(Beginning of Dataset extract)

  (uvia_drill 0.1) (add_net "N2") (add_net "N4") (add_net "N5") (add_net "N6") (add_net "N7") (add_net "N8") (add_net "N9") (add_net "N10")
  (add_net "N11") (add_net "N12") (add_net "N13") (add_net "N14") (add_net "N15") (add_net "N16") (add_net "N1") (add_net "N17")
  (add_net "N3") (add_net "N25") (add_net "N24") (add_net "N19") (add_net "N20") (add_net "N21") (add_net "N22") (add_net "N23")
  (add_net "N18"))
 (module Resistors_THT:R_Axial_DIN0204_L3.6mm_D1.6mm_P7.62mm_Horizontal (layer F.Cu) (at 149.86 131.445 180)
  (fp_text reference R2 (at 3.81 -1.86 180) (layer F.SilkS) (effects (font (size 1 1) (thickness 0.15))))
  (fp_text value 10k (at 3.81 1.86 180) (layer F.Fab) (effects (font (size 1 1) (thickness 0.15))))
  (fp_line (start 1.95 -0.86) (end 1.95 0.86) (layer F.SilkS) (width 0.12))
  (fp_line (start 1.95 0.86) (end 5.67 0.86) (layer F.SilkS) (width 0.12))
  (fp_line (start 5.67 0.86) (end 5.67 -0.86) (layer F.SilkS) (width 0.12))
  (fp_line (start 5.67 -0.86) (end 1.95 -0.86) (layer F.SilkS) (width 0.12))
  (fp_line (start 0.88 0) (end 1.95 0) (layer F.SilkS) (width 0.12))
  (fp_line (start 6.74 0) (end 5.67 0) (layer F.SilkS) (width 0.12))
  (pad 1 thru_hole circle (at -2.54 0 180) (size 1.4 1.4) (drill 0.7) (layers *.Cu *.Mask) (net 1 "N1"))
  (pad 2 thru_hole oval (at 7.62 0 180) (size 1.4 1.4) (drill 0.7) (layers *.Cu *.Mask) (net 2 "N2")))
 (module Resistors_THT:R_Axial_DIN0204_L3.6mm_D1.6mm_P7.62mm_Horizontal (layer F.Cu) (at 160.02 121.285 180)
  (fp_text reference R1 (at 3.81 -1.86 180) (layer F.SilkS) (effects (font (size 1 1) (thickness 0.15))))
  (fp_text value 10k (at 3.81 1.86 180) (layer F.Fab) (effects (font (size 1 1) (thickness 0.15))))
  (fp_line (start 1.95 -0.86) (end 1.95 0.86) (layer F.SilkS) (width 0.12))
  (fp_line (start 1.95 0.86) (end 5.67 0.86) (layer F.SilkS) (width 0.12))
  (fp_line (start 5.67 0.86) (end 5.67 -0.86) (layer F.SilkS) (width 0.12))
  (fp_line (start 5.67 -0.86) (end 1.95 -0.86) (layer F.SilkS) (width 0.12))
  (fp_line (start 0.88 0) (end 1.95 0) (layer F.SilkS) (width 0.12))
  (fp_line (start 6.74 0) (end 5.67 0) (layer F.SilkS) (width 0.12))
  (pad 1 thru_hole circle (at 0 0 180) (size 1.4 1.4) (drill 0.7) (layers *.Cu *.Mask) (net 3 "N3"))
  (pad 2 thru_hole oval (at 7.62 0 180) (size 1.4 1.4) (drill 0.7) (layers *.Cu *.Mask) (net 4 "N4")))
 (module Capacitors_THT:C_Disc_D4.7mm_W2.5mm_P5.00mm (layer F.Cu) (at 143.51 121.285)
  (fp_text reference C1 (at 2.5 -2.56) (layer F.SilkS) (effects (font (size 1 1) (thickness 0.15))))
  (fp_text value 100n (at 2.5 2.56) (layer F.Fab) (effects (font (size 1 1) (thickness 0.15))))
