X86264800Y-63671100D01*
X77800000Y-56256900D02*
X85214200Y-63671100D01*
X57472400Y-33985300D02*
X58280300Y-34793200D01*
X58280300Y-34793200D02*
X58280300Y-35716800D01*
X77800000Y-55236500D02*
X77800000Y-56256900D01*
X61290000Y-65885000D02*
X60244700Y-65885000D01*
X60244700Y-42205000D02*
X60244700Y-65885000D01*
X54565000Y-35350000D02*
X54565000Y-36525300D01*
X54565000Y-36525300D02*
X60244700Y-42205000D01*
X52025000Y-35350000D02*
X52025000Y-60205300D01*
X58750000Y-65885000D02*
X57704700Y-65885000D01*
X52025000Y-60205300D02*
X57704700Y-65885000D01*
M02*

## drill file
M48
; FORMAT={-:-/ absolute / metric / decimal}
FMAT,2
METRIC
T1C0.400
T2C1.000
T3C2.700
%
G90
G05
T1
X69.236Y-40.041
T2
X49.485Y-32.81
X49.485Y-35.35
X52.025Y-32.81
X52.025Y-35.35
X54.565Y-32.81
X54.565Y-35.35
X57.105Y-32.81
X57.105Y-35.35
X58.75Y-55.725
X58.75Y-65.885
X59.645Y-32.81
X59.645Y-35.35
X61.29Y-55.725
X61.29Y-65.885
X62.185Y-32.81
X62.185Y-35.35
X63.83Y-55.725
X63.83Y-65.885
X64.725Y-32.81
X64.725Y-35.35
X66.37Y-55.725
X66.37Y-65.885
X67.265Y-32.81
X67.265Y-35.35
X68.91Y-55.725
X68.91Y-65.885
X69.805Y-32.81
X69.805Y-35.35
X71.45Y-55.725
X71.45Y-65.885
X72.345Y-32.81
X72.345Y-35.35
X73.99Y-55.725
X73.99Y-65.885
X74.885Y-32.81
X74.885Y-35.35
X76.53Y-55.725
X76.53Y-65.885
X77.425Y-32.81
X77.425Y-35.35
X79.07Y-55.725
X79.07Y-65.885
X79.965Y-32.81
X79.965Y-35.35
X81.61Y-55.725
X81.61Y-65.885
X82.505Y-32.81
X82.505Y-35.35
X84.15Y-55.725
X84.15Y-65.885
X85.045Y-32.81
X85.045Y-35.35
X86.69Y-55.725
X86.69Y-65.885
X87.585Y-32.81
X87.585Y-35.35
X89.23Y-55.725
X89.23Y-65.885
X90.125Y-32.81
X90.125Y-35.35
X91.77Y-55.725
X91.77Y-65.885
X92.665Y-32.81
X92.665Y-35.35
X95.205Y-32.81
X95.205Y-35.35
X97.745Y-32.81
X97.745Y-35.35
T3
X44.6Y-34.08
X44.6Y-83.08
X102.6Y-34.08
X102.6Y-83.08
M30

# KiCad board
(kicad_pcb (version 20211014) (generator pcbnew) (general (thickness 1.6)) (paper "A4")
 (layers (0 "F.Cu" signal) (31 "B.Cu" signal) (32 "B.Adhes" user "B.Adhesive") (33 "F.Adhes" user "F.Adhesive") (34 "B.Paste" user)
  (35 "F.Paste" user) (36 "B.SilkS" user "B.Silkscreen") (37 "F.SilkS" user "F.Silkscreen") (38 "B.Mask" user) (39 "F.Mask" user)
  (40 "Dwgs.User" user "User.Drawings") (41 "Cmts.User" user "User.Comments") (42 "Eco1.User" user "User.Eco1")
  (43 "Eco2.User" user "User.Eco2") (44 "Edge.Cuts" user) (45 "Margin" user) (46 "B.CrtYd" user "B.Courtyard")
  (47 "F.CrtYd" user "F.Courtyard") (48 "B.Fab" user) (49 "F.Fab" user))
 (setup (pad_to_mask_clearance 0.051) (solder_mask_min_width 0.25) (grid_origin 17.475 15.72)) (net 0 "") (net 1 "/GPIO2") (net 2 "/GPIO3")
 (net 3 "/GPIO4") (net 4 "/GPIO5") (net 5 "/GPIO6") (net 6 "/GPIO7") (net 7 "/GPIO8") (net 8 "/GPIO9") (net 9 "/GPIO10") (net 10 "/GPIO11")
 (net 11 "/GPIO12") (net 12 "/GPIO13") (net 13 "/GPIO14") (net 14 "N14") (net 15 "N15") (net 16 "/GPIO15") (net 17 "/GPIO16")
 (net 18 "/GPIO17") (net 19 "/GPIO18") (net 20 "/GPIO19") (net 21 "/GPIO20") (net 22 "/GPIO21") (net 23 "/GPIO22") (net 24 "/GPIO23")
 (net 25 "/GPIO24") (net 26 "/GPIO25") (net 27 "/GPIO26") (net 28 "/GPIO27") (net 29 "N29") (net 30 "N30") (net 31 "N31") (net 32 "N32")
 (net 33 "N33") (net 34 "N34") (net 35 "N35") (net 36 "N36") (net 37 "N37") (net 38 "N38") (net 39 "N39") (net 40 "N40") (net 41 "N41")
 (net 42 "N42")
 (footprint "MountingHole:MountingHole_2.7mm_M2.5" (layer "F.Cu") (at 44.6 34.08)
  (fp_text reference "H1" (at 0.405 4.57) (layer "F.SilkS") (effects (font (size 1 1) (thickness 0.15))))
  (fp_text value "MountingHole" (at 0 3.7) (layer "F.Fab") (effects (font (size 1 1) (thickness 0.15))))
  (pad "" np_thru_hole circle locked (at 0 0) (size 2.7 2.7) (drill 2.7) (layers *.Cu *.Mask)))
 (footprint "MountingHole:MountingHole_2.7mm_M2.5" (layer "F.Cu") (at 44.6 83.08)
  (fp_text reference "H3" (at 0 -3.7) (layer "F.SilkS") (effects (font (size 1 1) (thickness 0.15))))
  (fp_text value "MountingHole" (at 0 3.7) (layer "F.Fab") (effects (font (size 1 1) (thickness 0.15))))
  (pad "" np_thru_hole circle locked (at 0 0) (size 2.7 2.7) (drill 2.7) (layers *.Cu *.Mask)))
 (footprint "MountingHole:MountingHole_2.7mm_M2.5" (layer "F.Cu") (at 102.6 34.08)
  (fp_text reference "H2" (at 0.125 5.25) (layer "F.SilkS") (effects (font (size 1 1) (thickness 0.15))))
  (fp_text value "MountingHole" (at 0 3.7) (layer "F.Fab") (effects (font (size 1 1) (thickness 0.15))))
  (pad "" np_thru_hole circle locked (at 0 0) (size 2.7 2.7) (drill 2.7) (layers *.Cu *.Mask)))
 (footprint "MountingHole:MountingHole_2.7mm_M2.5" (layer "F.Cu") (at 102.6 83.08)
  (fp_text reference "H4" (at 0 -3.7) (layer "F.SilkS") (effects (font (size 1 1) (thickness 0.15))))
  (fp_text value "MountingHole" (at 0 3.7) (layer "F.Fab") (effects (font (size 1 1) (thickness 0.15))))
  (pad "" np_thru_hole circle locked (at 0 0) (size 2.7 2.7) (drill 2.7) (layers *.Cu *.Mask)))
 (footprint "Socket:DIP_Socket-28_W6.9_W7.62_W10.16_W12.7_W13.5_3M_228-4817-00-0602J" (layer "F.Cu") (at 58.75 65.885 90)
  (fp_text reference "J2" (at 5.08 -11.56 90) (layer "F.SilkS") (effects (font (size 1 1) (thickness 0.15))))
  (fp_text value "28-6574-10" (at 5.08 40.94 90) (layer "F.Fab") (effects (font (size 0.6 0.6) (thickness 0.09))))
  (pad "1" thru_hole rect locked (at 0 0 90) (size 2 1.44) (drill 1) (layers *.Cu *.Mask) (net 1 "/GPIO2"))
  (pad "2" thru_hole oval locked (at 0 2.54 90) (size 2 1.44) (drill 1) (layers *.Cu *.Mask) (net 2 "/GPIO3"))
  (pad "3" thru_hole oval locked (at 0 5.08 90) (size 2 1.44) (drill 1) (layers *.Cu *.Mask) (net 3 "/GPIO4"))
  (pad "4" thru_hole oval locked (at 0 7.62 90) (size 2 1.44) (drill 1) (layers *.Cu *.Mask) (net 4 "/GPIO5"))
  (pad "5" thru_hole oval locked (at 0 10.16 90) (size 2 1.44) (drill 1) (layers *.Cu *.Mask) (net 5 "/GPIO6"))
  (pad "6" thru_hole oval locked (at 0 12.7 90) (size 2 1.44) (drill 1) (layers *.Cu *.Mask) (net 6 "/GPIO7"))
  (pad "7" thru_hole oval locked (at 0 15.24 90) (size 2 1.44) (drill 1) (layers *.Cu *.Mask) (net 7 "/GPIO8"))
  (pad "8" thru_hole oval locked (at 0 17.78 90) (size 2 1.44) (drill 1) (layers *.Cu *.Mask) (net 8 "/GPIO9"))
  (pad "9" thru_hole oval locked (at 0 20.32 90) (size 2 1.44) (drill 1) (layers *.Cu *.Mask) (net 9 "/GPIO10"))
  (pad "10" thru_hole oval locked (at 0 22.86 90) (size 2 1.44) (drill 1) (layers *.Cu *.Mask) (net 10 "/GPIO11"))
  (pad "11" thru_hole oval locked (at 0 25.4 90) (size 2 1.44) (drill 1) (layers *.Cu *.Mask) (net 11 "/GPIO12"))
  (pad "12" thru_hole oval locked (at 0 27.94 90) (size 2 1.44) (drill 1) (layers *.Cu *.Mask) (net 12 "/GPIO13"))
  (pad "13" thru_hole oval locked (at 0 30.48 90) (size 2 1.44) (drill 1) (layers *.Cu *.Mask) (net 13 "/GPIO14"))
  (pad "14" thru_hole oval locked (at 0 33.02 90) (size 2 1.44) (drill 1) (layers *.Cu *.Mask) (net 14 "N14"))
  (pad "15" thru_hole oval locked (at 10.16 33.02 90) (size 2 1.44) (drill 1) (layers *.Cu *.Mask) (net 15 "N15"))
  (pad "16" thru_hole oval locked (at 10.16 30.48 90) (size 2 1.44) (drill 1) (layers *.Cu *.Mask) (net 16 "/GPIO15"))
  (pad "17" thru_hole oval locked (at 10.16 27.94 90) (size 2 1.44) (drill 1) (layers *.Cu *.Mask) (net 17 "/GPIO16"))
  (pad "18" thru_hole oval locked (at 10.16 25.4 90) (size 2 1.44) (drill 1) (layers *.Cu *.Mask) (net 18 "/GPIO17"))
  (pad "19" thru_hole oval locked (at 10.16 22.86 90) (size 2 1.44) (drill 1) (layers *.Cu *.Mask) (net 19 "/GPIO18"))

(End of Dataset extract)

Work to complete:
Among the lines of the records, copy out each one that contains the word "module".

Reply:
 (module Resistors_THT:R_Axial_DIN0204_L3.6mm_D1.6mm_P7.62mm_Horizontal (layer F.Cu) (at 149.86 131.445 180)
 (module Resistors_THT:R_Axial_DIN0204_L3.6mm_D1.6mm_P7.62mm_Horizontal (layer F.Cu) (at 160.02 121.285 180)
 (module Capacitors_THT:C_Disc_D4.7mm_W2.5mm_P5.00mm (layer F.Cu) (at 143.51 121.285)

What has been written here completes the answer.